Kännte mir da jemand bitte auf die Sprünge helfen ;-)

Vielen Dank

mfg


----------



## Hirnhamster (26. November 2006)

Das obige script erzeugt für jede nuance der Farbe einen eigenen div Container, bei einer Tabelle müsstest du dafür jeweils eine neue Tabellenzelle erstellen und dieser dann den Hintergrund zuweisen.
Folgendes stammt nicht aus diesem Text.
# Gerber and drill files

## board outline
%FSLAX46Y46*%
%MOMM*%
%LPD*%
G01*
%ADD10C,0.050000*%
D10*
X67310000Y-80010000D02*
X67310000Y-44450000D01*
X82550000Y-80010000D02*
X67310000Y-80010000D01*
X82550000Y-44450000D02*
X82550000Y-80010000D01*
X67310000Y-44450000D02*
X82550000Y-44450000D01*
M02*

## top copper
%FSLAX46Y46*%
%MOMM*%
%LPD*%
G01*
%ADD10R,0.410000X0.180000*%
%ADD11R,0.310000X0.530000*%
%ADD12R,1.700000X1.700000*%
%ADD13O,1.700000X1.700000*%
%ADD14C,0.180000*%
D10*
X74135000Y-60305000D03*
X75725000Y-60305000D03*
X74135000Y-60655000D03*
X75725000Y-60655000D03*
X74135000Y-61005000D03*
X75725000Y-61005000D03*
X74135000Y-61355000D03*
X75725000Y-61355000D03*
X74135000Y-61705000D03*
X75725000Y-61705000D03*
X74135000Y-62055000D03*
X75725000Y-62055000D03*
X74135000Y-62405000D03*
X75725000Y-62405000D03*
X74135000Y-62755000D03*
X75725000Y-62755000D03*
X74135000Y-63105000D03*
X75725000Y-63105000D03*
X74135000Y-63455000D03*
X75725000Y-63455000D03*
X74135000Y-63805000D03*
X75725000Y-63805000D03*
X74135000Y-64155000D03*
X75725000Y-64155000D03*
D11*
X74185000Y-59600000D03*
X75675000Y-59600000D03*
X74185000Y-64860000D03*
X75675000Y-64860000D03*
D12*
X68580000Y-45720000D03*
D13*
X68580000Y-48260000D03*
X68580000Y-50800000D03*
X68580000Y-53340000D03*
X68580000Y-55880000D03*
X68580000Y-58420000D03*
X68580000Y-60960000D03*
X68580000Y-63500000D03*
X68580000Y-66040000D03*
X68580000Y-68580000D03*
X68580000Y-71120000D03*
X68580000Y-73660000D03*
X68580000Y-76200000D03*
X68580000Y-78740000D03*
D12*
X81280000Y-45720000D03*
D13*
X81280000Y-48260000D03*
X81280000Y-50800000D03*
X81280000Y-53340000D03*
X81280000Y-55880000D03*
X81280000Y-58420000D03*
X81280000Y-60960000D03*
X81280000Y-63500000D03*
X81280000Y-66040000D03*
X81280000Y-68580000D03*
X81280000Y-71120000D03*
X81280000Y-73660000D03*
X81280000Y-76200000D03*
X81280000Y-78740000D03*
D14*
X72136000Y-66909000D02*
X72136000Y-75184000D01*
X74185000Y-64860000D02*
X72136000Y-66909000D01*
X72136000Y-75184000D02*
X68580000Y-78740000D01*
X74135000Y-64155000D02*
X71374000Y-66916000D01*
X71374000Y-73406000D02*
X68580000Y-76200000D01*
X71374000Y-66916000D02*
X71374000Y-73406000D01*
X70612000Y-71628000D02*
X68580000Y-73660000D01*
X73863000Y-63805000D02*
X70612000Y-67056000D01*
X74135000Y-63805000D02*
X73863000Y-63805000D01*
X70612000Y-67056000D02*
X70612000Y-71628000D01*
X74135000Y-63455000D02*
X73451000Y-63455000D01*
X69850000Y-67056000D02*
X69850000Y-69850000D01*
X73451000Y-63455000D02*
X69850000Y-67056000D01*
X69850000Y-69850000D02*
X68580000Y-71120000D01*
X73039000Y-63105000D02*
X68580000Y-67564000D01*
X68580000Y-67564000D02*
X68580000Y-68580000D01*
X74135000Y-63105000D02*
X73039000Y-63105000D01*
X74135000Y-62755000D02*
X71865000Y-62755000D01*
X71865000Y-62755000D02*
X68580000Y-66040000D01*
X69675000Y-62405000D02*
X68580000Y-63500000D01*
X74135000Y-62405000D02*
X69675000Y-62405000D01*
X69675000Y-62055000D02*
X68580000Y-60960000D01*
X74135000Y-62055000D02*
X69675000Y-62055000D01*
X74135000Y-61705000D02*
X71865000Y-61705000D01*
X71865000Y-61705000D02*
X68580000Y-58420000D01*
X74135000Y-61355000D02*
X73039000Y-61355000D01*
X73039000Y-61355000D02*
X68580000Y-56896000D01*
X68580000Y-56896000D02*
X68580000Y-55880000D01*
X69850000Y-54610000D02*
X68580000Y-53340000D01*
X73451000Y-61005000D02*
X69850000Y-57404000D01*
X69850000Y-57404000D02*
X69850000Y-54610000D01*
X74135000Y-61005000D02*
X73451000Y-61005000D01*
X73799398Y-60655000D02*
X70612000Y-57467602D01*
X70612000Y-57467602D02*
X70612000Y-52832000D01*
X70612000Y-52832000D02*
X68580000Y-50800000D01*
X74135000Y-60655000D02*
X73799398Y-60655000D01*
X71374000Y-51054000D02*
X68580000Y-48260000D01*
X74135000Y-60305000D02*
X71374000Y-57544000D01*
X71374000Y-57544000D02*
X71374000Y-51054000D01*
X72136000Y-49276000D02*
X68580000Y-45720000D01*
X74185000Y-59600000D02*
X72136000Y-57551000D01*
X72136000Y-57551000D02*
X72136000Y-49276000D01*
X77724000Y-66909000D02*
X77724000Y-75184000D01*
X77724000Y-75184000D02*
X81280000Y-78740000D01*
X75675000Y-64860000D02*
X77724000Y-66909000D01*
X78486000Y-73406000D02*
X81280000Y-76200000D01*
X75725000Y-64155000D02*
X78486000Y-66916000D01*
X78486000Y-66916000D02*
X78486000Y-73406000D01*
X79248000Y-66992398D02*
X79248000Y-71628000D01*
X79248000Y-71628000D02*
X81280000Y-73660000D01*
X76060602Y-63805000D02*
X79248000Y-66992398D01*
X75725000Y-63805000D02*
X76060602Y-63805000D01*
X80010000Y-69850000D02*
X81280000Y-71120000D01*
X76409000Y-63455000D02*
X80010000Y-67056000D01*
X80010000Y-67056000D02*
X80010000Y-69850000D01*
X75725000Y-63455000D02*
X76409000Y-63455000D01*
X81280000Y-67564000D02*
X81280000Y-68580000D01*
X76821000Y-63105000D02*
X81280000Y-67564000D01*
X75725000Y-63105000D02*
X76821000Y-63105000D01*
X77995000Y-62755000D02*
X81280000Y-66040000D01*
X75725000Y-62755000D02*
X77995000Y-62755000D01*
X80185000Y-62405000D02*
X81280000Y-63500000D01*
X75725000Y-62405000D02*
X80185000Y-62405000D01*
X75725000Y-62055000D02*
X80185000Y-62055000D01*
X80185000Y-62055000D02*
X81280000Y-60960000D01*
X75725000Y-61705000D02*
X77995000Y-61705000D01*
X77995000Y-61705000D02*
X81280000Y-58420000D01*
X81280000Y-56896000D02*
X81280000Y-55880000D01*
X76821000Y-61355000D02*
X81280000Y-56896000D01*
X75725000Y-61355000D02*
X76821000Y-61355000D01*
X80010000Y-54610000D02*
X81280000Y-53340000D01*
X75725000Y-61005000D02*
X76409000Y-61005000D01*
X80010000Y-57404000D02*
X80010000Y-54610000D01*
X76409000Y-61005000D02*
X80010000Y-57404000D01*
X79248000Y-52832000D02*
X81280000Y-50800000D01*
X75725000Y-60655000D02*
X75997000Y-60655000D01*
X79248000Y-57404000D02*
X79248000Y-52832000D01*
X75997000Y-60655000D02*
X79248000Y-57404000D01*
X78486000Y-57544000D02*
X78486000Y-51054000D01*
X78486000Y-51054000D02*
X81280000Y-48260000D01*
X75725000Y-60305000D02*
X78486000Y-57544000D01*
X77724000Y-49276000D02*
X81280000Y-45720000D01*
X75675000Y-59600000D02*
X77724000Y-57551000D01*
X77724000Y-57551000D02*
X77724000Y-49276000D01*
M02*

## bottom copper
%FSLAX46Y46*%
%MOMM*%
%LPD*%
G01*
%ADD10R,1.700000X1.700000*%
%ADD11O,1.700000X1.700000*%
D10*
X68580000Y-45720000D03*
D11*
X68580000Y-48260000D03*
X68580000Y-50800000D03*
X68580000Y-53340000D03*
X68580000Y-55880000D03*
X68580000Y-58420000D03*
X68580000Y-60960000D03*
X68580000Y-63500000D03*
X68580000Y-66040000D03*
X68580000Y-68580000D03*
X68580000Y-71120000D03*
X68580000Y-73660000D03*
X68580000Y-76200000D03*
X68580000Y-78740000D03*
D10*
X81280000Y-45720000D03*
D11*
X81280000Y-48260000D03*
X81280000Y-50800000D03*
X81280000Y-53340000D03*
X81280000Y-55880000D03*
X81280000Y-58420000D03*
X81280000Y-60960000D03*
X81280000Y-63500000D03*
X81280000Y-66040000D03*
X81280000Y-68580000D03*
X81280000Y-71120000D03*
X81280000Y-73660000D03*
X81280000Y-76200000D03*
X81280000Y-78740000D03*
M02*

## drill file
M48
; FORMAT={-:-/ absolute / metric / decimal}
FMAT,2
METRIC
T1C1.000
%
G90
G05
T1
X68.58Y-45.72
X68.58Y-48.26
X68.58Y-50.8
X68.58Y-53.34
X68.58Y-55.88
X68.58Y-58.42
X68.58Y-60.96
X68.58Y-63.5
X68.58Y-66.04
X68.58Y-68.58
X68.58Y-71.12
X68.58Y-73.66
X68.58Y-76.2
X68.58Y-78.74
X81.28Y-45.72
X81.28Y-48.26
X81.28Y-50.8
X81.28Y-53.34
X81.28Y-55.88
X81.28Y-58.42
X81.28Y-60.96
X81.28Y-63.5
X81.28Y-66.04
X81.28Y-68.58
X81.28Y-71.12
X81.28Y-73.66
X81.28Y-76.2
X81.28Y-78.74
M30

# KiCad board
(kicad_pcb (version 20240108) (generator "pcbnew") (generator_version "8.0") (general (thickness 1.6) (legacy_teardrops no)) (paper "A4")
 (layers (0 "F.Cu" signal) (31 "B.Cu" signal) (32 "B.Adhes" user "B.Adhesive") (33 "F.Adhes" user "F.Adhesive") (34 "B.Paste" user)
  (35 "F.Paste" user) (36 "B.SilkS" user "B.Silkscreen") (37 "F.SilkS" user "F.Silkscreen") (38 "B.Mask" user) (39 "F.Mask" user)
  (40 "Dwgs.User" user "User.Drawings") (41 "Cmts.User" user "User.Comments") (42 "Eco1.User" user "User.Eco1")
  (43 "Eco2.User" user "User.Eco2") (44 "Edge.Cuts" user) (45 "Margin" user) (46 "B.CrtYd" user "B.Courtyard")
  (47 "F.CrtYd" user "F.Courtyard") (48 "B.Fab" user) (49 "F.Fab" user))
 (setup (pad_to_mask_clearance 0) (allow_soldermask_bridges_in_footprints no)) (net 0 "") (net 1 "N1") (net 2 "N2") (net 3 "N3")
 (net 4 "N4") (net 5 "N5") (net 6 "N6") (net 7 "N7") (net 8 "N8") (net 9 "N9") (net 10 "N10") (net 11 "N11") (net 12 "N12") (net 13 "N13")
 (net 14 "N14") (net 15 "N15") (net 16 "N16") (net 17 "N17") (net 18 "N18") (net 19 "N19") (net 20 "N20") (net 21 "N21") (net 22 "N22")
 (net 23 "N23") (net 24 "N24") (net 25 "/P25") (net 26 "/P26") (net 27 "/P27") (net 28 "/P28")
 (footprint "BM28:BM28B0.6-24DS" (layer "F.Cu") (at 74.93 62.23)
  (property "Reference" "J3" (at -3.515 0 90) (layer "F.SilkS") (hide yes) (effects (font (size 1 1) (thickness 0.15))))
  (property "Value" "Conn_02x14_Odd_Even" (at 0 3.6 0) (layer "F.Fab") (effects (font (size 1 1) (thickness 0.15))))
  (pad "1" smd rect (at -0.795 -1.925) (size 0.41 0.18) (layers "F.Cu" "F.Paste" "F.Mask") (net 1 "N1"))
  (pad "2" smd rect (at 0.795 -1.925) (size 0.41 0.18) (layers "F.Cu" "F.Paste" "F.Mask") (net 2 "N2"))
  (pad "3" smd rect (at -0.795 -1.575) (size 0.41 0.18) (layers "F.Cu" "F.Paste" "F.Mask") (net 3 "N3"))
  (pad "4" smd rect (at 0.795 -1.575) (size 0.41 0.18) (layers "F.Cu" "F.Paste" "F.Mask") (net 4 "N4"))
  (pad "5" smd rect (at -0.795 -1.225) (size 0.41 0.18) (layers "F.Cu" "F.Paste" "F.Mask") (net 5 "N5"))
  (pad "6" smd rect (at 0.795 -1.225) (size 0.41 0.18) (layers "F.Cu" "F.Paste" "F.Mask") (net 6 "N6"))
  (pad "7" smd rect (at -0.795 -0.875) (size 0.41 0.18) (layers "F.Cu" "F.Paste" "F.Mask") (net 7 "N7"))
  (pad "8" smd rect (at 0.795 -0.875) (size 0.41 0.18) (layers "F.Cu" "F.Paste" "F.Mask") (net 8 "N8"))
  (pad "9" smd rect (at -0.795 -0.525) (size 0.41 0.18) (layers "F.Cu" "F.Paste" "F.Mask") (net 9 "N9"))
  (pad "10" smd rect (at 0.795 -0.525) (size 0.41 0.18) (layers "F.Cu" "F.Paste" "F.Mask") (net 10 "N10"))
  (pad "11" smd rect (at -0.795 -0.175) (size 0.41 0.18) (layers "F.Cu" "F.Paste" "F.Mask") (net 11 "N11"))
  (pad "12" smd rect (at 0.795 -0.175) (size 0.41 0.18) (layers "F.Cu" "F.Paste" "F.Mask") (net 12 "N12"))
  (pad "13" smd rect (at -0.795 0.175) (size 0.41 0.18) (layers "F.Cu" "F.Paste" "F.Mask") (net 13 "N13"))
  (pad "14" smd rect (at 0.795 0.175) (size 0.41 0.18) (layers "F.Cu" "F.Paste" "F.Mask") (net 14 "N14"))
  (pad "15" smd rect (at -0.795 0.525) (size 0.41 0.18) (layers "F.Cu" "F.Paste" "F.Mask") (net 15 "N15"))
  (pad "16" smd rect (at 0.795 0.525) (size 0.41 0.18) (layers "F.Cu" "F.Paste" "F.Mask") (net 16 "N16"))
  (pad "17" smd rect (at -0.795 0.875) (size 0.41 0.18) (layers "F.Cu" "F.Paste" "F.Mask") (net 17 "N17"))
  (pad "18" smd rect (at 0.795 0.875) (size 0.41 0.18) (layers "F.Cu" "F.Paste" "F.Mask") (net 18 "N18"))
  (pad "19" smd rect (at -0.795 1.225) (size 0.41 0.18) (layers "F.Cu" "F.Paste" "F.Mask") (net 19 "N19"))
  (pad "20" smd rect (at 0.795 1.225) (size 0.41 0.18) (layers "F.Cu" "F.Paste" "F.Mask") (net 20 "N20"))
  (pad "21" smd rect (at -0.795 1.575) (size 0.41 0.18) (layers "F.Cu" "F.Paste" "F.Mask") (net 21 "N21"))
  (pad "22" smd rect (at 0.795 1.575) (size 0.41 0.18) (layers "F.Cu" "F.Paste" "F.Mask") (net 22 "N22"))
  (pad "23" smd rect (at -0.795 1.925) (size 0.41 0.18) (layers "F.Cu" "F.Paste" "F.Mask") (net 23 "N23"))
  (pad "24" smd rect (at 0.795 1.925) (size 0.41 0.18) (layers "F.Cu" "F.Paste" "F.Mask") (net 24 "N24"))
  (pad "25" smd rect (at -0.745 -2.63) (size 0.31 0.53) (layers "F.Cu" "F.Paste" "F.Mask") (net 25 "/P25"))
  (pad "26" smd rect (at 0.745 -2.63) (size 0.31 0.53) (layers "F.Cu" "F.Paste" "F.Mask") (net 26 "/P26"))
  (pad "27" smd rect (at -0.745 2.63) (size 0.31 0.53) (layers "F.Cu" "F.Paste" "F.Mask") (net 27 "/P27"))
  (pad "28" smd rect (at 0.745 2.63) (size 0.31 0.53) (layers "F.Cu" "F.Paste" "F.Mask") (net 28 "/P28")))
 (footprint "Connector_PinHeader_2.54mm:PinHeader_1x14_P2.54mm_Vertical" (layer "B.Cu") (at 68.58 45.72 180)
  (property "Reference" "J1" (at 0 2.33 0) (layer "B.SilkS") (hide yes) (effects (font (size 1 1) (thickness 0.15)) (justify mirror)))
Würde dir aber eher empfehlen, einfach nen Verlauf mit nem Graphik Programm zu erzeugen und den dann als Hintergrundgrafik einzufügen

Kleine Frage nebenbei, wozu soll es gut sein, das als Tabelle zu realisieren?


----------



## romolus (27. November 2006)

hi,

ja, das habe ich auch gesehen, dass das mit den div-Containern realisiert wird. 
Ich möchte mit Templates arbeiten und dann soll der User ganz eifach die Farbe eingeben können um dann das Design anpassen zu können. So sollten dann die Tabellenzellen eben so mit einem Farbübergang gefüllt werden! 
Und der User kann die Füllfarbe auswählen und deshalb will ich es auch nicht mit einer Grafik realisieren  eingermassen verstanden?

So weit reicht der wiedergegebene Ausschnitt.